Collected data
══════

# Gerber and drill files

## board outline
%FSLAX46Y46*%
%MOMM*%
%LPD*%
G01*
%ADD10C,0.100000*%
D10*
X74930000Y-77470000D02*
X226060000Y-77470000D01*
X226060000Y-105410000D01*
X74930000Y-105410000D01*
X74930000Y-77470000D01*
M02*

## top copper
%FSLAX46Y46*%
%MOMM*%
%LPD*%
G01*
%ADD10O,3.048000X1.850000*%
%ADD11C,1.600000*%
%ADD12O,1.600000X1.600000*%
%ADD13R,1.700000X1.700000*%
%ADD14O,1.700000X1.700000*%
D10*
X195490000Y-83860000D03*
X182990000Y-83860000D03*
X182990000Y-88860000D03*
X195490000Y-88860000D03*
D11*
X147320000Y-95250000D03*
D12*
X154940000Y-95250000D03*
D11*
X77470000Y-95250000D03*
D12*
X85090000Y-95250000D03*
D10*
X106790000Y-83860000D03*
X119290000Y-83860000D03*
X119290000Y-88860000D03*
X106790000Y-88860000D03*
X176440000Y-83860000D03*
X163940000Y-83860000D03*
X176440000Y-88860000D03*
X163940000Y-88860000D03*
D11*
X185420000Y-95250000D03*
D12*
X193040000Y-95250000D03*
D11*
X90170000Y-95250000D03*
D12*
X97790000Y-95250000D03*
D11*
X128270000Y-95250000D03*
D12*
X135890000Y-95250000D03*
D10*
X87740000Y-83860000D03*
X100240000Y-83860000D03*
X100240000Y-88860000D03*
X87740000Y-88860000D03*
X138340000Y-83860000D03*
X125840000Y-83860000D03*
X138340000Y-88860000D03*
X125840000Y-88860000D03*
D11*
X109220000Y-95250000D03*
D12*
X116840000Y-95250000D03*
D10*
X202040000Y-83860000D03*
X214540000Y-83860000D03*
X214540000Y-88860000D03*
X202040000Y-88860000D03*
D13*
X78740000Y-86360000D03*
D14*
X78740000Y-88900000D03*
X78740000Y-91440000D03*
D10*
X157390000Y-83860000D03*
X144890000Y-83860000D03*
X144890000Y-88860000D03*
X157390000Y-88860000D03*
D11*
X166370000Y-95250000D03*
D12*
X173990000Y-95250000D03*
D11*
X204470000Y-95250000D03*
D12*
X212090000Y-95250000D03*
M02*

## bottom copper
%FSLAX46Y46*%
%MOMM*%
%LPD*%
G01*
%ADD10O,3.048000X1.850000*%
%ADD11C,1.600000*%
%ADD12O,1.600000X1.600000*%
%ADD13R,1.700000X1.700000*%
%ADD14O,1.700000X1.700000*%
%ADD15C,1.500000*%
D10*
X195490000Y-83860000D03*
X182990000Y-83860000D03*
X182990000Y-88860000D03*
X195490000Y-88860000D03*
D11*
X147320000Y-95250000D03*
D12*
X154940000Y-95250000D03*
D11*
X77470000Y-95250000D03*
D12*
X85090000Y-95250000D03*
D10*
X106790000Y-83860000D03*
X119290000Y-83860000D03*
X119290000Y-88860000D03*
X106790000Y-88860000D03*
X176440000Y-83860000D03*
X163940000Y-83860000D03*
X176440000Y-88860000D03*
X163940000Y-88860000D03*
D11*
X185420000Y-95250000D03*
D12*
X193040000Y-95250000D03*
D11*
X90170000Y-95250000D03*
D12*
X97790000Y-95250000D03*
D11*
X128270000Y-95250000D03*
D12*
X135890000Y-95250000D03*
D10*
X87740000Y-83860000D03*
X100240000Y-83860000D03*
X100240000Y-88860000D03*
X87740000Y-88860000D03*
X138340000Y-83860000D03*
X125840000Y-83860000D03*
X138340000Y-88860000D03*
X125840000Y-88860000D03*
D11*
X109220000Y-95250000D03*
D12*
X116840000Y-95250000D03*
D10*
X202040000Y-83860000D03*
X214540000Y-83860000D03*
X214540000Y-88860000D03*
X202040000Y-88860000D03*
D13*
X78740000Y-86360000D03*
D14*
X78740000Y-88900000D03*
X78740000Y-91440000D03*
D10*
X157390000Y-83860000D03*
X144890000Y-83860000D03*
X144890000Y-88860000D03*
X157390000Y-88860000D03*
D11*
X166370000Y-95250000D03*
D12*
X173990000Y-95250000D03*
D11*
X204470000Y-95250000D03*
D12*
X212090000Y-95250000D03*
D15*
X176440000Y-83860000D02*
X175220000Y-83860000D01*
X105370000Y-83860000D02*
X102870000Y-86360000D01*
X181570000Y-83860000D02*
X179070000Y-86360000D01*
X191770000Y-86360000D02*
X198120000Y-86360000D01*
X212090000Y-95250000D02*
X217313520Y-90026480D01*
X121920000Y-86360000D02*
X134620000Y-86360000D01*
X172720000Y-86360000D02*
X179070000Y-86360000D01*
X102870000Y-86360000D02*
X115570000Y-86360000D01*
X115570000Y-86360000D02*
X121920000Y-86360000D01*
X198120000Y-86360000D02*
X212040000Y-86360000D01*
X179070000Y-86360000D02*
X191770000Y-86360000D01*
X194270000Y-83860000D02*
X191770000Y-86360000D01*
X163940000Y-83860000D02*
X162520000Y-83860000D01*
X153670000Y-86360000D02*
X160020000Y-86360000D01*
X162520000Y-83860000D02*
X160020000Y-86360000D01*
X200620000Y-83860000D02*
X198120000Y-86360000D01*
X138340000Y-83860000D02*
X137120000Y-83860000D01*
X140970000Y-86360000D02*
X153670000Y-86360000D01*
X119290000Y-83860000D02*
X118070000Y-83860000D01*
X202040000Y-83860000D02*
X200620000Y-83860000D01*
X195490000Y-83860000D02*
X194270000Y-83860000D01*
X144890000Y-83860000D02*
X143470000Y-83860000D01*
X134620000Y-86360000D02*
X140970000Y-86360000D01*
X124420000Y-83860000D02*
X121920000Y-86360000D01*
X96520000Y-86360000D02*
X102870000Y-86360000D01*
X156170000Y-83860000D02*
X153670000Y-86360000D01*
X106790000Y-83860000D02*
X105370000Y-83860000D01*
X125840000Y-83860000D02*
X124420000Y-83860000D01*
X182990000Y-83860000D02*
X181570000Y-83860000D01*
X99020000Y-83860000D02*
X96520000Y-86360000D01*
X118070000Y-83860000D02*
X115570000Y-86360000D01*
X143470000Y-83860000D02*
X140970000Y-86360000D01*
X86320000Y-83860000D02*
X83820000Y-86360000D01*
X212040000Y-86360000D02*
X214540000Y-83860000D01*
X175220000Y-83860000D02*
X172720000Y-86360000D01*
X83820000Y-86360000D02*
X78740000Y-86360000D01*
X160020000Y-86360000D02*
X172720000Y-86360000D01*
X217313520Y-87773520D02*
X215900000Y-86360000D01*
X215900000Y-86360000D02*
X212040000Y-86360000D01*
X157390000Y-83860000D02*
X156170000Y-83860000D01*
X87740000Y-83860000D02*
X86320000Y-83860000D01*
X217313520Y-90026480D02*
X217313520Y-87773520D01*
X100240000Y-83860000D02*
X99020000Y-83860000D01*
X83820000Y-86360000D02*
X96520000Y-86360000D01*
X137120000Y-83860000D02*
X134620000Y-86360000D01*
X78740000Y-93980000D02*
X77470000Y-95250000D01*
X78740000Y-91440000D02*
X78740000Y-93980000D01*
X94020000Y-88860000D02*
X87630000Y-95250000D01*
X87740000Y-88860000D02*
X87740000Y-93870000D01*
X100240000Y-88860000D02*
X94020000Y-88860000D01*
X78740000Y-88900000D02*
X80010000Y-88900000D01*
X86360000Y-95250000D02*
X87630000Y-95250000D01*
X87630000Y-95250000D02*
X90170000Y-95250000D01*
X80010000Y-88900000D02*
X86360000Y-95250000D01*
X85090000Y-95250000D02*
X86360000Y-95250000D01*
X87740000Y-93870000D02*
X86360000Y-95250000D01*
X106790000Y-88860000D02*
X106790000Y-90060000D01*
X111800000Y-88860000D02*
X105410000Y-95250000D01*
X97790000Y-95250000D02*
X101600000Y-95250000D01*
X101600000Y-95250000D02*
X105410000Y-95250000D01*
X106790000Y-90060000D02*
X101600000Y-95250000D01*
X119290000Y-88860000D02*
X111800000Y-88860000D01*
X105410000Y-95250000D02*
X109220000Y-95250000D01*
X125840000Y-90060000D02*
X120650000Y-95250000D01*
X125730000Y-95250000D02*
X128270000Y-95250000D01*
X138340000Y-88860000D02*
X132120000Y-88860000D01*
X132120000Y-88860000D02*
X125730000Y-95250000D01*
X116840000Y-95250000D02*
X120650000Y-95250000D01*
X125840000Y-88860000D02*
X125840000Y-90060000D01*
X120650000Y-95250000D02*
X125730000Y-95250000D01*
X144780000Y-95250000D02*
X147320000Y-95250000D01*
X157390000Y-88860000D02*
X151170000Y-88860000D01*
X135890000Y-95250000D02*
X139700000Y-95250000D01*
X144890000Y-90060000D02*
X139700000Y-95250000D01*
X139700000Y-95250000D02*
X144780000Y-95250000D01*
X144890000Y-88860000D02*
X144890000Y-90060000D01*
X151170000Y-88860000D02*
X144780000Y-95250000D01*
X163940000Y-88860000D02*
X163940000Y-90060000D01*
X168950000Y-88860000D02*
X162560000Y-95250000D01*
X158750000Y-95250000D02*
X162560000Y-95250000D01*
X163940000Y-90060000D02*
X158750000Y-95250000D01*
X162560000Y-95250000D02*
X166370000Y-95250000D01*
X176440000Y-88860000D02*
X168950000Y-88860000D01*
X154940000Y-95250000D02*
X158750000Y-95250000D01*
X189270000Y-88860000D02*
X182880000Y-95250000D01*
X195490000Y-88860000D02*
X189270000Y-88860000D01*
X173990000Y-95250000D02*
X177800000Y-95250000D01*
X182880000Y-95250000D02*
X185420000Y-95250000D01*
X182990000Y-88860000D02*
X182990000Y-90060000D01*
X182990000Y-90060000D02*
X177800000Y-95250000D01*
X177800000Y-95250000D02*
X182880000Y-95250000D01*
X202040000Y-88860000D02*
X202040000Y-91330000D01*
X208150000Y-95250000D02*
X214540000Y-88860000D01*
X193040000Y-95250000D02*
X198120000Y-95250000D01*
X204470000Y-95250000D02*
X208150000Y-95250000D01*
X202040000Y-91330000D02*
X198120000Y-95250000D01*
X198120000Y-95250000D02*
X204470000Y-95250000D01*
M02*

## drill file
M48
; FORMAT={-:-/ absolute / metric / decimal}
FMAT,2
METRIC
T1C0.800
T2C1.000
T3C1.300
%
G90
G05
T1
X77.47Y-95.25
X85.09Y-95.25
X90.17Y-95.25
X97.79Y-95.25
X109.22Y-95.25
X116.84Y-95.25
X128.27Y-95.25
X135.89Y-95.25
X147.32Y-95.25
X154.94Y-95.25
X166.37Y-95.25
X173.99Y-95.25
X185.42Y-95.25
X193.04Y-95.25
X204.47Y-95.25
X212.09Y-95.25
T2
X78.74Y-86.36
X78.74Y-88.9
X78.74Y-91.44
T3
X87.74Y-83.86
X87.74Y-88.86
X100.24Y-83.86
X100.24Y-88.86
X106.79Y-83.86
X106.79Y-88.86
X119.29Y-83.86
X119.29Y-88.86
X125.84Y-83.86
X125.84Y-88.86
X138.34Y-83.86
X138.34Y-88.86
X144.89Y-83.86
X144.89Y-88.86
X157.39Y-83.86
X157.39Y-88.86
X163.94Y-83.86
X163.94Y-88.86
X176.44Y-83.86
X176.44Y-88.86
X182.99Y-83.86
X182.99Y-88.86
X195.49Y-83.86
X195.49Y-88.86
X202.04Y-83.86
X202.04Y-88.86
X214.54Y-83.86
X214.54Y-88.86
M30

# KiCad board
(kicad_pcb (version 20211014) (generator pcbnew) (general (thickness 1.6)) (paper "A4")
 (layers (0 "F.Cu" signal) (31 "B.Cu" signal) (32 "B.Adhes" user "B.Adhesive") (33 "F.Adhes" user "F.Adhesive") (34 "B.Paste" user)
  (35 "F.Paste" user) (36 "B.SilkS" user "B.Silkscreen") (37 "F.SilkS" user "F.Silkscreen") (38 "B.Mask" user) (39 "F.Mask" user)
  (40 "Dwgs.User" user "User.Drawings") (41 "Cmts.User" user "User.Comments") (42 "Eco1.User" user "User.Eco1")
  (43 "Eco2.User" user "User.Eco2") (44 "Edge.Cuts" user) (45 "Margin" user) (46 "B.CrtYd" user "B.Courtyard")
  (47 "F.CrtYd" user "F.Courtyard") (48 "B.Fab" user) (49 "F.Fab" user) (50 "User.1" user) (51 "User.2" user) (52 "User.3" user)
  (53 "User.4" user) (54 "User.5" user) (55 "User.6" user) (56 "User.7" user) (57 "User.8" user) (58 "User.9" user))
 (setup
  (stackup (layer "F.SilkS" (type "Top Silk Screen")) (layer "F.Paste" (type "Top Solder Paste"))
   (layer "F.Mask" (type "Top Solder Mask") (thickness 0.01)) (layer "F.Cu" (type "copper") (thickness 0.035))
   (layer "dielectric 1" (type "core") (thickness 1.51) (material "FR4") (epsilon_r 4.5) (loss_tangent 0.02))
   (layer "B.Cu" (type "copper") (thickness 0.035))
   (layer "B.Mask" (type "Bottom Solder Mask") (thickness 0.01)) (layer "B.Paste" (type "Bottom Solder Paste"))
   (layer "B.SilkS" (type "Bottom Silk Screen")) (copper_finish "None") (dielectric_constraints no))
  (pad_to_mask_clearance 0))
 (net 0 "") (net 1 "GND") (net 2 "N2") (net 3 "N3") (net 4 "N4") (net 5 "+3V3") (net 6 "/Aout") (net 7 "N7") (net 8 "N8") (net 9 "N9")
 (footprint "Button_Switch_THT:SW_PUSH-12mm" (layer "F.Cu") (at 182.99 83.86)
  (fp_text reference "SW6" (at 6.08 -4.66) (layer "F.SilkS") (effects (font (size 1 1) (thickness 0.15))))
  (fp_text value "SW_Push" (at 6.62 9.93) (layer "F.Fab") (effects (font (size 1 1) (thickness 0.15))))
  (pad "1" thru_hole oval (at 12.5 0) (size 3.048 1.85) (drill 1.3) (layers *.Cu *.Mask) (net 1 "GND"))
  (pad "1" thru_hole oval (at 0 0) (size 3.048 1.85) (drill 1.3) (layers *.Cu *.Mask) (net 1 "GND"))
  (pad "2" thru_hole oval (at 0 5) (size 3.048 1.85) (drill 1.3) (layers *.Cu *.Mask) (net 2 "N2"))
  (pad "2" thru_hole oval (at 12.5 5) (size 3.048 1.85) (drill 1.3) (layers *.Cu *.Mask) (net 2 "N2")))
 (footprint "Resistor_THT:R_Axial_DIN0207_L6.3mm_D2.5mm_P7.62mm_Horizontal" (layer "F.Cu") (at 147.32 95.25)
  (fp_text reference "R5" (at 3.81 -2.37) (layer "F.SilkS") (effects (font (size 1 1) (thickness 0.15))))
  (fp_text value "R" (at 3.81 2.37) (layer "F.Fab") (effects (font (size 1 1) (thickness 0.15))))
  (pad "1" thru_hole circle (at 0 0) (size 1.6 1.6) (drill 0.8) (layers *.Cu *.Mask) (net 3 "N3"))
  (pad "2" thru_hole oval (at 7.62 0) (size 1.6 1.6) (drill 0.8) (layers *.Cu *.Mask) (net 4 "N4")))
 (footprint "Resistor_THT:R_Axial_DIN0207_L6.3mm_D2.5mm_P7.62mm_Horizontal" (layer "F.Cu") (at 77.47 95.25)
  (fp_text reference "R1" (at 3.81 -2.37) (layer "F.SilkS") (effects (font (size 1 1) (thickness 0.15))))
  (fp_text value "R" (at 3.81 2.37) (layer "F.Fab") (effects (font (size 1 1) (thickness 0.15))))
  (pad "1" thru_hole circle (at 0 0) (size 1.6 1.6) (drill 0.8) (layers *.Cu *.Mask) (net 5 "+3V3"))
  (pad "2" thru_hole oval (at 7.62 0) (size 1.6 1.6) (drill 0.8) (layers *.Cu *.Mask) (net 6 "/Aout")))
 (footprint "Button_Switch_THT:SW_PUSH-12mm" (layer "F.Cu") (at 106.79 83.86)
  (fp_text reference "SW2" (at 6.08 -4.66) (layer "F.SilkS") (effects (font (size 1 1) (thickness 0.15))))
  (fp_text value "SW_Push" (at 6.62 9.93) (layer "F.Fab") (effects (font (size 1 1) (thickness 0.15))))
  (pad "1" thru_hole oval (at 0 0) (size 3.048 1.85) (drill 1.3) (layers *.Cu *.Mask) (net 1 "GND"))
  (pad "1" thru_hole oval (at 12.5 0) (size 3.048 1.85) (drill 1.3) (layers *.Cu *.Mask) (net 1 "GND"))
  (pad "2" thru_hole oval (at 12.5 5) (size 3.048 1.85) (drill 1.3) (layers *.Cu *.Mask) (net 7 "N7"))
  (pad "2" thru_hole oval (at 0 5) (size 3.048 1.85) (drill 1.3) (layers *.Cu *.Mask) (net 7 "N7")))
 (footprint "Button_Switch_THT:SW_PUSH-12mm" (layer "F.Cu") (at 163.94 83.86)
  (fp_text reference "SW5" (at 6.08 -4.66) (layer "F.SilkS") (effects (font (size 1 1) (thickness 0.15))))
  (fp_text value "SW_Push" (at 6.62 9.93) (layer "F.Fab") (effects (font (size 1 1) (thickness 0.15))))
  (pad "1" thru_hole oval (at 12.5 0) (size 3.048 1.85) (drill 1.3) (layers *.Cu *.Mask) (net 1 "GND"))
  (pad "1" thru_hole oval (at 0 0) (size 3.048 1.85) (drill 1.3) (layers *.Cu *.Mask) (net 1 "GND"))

══════

WORK REQUEST: The response must hold only the lines above from the line with "X87740000Y-88860000D02*" through the line with "X101600000Y-95250000D02*", each copied exactly, both ends kept.

ANSWER SPACE:
X87740000Y-88860000D02*
X87740000Y-93870000D01*
X100240000Y-88860000D02*
X94020000Y-88860000D01*
X78740000Y-88900000D02*
X80010000Y-88900000D01*
X86360000Y-95250000D02*
X87630000Y-95250000D01*
X87630000Y-95250000D02*
X90170000Y-95250000D01*
X80010000Y-88900000D02*
X86360000Y-95250000D01*
X85090000Y-95250000D02*
X86360000Y-95250000D01*
X87740000Y-93870000D02*
X86360000Y-95250000D01*
X106790000Y-88860000D02*
X106790000Y-90060000D01*
X111800000Y-88860000D02*
X105410000Y-95250000D01*
X97790000Y-95250000D02*
X101600000Y-95250000D01*
X101600000Y-95250000D02*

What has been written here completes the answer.